Saved data entries:
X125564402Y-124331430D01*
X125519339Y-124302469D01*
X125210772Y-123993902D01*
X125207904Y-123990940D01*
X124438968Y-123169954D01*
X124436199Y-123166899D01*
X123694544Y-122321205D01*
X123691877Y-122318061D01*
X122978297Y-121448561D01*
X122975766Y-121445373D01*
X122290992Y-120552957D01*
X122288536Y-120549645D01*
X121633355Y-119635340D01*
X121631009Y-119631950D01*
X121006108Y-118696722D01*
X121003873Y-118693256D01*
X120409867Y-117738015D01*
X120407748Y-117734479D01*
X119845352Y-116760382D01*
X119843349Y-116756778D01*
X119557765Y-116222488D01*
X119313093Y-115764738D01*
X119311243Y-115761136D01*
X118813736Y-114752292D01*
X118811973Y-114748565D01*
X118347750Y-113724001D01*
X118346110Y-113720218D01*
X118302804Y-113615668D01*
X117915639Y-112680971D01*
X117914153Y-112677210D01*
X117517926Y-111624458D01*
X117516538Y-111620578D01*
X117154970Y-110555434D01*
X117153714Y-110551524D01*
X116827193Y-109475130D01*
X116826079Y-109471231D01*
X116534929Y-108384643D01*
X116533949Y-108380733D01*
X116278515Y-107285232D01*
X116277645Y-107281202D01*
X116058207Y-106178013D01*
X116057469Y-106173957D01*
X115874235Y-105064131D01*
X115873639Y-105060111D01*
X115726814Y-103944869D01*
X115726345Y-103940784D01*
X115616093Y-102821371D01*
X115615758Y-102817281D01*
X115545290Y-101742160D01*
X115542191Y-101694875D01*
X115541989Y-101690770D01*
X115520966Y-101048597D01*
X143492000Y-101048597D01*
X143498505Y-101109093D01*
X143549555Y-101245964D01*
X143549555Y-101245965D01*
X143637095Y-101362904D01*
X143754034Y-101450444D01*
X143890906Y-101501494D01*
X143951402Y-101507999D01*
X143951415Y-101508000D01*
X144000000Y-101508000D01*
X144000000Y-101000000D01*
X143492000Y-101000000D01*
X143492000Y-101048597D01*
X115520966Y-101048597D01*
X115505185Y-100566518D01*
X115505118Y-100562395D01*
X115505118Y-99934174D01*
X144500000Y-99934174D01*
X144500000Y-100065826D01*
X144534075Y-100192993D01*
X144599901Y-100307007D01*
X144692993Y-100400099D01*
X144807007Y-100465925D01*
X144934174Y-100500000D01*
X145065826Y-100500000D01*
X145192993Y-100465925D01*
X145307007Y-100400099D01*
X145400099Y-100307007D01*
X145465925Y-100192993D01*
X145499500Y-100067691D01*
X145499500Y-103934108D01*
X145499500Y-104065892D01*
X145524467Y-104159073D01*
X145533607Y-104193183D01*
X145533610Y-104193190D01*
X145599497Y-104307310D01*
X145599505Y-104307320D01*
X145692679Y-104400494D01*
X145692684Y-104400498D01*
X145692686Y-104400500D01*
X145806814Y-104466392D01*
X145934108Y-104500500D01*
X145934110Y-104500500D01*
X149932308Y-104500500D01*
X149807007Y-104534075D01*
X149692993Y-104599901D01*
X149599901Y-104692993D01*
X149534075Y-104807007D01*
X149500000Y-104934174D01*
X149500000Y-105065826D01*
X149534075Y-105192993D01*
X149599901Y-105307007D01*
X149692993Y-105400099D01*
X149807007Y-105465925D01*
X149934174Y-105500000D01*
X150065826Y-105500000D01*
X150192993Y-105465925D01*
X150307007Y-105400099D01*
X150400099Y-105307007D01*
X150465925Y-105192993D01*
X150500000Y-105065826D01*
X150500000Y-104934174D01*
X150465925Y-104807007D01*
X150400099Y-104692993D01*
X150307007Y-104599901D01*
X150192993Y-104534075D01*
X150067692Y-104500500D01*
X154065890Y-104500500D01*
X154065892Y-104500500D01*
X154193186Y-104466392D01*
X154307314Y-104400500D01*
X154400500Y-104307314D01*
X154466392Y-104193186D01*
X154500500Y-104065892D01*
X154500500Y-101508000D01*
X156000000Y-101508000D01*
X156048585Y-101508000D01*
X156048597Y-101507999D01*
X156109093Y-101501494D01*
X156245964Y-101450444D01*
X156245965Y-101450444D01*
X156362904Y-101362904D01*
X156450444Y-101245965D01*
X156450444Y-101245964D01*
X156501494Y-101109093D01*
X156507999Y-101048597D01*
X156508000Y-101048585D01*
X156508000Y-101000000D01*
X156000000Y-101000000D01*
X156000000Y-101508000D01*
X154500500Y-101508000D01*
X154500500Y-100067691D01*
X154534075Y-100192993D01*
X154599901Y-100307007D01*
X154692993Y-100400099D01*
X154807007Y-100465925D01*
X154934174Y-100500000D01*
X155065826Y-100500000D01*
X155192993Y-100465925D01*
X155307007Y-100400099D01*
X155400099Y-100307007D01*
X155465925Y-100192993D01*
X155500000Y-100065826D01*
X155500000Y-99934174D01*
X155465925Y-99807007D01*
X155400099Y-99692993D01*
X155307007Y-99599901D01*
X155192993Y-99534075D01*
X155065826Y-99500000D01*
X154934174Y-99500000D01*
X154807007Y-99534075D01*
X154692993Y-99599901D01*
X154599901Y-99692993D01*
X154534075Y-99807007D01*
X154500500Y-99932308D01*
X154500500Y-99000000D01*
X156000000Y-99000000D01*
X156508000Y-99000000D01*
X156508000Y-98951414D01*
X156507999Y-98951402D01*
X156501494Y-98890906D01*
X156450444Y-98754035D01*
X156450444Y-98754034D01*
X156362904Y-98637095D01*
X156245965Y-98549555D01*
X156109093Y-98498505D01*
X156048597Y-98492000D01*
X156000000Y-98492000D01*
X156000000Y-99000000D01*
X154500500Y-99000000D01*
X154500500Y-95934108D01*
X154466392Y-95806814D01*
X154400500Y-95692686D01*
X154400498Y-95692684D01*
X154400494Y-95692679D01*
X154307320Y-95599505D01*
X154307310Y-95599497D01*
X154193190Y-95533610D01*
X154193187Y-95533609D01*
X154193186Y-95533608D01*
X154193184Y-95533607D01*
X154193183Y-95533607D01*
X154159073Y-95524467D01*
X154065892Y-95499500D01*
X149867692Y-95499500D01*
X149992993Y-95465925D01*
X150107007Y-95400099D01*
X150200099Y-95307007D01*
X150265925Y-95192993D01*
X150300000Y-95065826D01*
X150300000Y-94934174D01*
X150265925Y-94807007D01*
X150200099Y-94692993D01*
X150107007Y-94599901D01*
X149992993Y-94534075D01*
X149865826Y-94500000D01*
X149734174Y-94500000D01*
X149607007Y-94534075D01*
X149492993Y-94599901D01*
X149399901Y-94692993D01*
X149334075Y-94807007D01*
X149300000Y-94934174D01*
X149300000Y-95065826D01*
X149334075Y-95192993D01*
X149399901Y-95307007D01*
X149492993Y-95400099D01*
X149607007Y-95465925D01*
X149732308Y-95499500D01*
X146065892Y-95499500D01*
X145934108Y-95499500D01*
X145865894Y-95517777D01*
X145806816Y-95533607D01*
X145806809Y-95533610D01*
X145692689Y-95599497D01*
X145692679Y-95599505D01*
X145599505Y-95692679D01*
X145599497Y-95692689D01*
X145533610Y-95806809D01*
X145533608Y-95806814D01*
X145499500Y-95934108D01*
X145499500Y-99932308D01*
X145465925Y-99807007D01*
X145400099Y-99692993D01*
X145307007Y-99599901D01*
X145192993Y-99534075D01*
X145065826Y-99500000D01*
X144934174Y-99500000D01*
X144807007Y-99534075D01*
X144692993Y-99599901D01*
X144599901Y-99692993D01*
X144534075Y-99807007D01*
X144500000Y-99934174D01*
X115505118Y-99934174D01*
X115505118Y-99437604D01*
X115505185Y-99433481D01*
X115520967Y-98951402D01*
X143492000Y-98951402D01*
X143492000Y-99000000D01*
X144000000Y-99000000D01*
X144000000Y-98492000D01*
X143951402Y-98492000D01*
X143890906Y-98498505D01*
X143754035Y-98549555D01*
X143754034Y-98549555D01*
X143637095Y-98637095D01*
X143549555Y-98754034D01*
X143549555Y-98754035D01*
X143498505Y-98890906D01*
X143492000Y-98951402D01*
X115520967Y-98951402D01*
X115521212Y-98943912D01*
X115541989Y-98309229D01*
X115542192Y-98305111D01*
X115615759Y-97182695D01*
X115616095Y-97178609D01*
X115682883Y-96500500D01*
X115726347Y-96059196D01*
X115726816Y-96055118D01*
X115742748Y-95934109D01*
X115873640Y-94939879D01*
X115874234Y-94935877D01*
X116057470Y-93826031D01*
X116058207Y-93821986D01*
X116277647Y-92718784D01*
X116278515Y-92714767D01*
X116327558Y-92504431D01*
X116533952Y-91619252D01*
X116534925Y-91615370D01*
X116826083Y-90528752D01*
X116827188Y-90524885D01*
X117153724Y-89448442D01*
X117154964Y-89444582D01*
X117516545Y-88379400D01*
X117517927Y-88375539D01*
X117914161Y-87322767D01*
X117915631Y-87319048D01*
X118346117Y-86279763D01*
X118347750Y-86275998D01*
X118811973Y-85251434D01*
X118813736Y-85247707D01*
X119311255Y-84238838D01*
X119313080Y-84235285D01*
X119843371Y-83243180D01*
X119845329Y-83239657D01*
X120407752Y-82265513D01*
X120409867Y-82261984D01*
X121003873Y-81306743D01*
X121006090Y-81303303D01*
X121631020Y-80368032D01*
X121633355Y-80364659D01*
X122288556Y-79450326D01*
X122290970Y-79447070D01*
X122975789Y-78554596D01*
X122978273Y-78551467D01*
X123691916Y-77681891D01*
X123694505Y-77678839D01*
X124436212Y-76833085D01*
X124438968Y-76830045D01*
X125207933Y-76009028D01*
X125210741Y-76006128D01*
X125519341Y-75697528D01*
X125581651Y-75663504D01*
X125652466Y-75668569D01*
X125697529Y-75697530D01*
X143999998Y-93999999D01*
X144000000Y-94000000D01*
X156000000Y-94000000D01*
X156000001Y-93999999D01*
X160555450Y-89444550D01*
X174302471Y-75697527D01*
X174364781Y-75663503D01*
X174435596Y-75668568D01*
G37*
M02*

...

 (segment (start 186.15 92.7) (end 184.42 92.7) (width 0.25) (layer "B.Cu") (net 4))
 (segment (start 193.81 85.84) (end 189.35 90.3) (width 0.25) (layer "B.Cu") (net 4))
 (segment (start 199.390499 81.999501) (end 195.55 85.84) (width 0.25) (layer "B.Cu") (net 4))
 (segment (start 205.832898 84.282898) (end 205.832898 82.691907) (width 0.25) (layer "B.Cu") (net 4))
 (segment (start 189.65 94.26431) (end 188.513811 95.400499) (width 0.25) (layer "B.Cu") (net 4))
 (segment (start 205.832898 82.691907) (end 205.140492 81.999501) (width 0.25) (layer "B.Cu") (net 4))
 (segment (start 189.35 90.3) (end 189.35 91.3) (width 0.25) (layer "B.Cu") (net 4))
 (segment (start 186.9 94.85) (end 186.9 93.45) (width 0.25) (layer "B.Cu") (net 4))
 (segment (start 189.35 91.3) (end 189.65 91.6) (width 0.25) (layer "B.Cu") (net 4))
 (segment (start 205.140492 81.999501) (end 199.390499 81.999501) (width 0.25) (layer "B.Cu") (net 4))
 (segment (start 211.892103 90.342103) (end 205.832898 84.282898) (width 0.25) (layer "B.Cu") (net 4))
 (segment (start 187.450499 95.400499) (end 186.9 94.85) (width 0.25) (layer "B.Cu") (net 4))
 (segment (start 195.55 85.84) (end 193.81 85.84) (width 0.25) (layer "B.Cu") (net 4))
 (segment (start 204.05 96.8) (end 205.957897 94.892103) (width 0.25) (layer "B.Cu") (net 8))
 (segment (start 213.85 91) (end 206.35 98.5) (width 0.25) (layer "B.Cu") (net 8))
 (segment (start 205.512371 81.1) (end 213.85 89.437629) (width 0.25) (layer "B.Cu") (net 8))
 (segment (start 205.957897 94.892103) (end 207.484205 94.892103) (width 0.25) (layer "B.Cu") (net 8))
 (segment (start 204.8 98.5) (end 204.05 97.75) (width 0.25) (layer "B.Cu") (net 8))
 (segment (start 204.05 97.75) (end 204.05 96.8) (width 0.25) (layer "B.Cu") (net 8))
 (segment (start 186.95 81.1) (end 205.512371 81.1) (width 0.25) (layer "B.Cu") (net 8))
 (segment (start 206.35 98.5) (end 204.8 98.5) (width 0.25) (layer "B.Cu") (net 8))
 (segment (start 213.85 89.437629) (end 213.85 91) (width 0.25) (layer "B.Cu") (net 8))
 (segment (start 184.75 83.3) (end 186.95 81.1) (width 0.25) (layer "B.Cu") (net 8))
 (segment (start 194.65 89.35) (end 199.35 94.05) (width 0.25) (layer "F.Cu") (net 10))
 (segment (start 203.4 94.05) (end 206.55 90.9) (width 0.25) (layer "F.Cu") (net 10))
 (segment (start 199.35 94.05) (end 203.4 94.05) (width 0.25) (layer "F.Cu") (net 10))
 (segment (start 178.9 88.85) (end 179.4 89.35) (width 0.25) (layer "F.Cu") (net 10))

...

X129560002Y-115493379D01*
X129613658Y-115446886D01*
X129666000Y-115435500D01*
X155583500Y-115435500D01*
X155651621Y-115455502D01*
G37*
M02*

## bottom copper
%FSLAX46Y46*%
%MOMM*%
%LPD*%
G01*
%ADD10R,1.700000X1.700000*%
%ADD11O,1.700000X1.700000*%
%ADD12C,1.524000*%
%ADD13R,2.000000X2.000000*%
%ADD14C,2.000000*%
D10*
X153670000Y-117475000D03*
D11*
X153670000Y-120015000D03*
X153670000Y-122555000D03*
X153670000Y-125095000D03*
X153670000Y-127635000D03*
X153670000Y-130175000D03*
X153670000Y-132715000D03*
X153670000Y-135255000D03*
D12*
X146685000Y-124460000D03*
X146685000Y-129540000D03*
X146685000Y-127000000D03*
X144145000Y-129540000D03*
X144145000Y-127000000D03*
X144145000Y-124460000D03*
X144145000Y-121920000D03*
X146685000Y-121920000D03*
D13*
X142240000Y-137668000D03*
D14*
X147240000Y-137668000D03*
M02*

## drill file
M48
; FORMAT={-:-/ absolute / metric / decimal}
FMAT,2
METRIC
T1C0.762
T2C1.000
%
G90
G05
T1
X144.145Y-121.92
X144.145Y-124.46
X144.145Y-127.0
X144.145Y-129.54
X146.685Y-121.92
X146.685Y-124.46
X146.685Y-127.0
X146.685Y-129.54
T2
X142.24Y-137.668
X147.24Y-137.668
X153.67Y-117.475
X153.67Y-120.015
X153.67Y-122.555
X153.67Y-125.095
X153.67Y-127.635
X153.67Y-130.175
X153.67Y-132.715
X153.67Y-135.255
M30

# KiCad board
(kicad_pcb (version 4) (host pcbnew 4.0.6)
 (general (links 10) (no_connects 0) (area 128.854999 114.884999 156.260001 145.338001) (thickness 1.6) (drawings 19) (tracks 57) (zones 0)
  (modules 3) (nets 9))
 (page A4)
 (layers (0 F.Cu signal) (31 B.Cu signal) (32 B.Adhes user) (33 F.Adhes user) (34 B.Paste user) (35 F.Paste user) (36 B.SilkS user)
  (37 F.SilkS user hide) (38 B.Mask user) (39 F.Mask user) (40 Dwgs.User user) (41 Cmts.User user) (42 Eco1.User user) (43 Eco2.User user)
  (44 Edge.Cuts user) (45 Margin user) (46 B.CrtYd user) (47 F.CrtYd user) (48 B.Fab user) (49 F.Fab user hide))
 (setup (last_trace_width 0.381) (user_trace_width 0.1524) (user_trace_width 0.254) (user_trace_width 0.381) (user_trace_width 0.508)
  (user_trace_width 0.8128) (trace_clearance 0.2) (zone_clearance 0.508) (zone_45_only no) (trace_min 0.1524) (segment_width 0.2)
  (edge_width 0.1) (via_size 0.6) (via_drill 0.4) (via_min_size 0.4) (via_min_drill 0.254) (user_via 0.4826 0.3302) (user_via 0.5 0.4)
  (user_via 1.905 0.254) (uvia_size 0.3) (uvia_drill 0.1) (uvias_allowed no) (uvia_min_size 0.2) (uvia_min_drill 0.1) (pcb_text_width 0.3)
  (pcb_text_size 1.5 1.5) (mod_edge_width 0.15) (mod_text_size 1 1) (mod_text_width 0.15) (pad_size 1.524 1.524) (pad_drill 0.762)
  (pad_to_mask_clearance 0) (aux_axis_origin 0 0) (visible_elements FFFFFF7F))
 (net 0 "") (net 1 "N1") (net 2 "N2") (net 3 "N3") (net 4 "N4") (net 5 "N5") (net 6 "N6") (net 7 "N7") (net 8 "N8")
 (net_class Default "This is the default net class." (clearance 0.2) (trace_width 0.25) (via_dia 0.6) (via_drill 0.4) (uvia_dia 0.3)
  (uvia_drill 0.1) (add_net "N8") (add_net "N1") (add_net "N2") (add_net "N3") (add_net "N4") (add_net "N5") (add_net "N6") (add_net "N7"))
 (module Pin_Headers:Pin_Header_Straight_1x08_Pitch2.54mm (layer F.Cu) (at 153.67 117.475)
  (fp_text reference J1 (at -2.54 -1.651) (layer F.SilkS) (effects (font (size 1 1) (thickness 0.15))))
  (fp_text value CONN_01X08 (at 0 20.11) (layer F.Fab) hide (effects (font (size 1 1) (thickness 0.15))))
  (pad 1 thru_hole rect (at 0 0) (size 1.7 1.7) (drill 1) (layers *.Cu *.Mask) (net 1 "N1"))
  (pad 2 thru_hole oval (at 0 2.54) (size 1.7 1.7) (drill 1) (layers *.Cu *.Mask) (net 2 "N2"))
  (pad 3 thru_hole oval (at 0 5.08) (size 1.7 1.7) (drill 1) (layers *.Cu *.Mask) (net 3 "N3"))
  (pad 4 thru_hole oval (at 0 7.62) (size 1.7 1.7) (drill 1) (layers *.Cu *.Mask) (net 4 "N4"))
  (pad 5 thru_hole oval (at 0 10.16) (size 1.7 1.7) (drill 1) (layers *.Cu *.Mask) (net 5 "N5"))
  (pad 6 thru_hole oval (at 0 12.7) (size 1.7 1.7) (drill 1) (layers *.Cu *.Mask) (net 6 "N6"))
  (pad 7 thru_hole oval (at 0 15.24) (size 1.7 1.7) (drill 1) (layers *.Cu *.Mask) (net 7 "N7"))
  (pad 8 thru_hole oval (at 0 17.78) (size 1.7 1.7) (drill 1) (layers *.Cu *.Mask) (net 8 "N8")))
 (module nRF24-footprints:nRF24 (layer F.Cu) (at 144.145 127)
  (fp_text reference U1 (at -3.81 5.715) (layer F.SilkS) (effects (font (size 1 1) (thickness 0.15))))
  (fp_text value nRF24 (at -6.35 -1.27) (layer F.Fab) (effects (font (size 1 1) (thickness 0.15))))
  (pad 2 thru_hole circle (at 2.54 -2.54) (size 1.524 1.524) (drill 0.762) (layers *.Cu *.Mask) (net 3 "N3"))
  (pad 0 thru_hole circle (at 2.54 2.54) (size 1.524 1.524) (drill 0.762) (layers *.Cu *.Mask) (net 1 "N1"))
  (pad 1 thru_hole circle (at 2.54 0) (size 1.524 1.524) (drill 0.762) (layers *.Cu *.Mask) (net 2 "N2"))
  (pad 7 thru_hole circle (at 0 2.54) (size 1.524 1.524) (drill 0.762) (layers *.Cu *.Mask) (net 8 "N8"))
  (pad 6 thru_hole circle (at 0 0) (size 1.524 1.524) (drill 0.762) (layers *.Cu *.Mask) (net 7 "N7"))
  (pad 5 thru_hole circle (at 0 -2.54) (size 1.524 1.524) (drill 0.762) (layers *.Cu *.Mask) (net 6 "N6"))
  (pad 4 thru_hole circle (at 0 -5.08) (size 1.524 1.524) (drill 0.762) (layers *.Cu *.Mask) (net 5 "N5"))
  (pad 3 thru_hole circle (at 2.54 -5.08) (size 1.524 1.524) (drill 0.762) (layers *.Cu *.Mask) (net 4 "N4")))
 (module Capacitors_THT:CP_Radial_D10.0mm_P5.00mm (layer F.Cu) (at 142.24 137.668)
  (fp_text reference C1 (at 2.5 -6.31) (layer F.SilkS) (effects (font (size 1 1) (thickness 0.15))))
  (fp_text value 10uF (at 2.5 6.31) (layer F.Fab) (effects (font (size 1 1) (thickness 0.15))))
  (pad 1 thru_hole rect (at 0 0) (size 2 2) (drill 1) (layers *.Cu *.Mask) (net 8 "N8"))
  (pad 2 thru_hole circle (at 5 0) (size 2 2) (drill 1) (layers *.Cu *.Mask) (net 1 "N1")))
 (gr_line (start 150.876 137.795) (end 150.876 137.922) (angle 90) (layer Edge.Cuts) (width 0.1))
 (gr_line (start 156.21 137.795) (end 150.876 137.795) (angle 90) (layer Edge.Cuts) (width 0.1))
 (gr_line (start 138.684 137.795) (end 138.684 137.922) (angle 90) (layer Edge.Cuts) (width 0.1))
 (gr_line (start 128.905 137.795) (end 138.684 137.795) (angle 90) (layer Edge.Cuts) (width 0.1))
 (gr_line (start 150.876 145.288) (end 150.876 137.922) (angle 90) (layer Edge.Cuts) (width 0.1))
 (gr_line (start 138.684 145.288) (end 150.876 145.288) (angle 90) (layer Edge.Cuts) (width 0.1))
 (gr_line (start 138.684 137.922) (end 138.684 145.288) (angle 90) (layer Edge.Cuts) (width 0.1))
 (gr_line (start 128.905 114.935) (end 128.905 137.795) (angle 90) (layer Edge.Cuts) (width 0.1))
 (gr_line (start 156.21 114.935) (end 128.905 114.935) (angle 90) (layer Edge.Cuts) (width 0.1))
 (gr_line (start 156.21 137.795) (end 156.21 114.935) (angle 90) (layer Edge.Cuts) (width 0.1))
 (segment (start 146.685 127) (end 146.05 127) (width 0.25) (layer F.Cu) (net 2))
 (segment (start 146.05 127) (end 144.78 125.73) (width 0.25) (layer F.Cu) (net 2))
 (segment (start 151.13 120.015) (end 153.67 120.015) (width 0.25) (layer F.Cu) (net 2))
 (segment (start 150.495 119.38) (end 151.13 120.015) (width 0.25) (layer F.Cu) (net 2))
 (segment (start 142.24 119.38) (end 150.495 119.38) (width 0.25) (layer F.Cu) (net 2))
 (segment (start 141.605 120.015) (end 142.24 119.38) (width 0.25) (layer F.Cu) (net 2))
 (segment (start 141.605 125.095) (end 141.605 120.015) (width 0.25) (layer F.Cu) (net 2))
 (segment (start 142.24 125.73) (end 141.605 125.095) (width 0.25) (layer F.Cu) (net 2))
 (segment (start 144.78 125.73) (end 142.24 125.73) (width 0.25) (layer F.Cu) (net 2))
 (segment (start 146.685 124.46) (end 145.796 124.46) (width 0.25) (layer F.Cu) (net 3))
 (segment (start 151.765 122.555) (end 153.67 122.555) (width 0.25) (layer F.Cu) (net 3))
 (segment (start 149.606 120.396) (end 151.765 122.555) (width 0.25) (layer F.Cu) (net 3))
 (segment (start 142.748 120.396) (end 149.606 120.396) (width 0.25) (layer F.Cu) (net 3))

> Aim of the exercise
Using the records above, set down exactly the lines from the one with "X145934110Y-104500500D01*" through the one with "X149599901Y-105307007D01*", inclusive, and nothing more.

> Answer to the exercise
X145934110Y-104500500D01*
X149932308Y-104500500D01*
X149807007Y-104534075D01*
X149692993Y-104599901D01*
X149599901Y-104692993D01*
X149534075Y-104807007D01*
X149500000Y-104934174D01*
X149500000Y-105065826D01*
X149534075Y-105192993D01*
X149599901Y-105307007D01*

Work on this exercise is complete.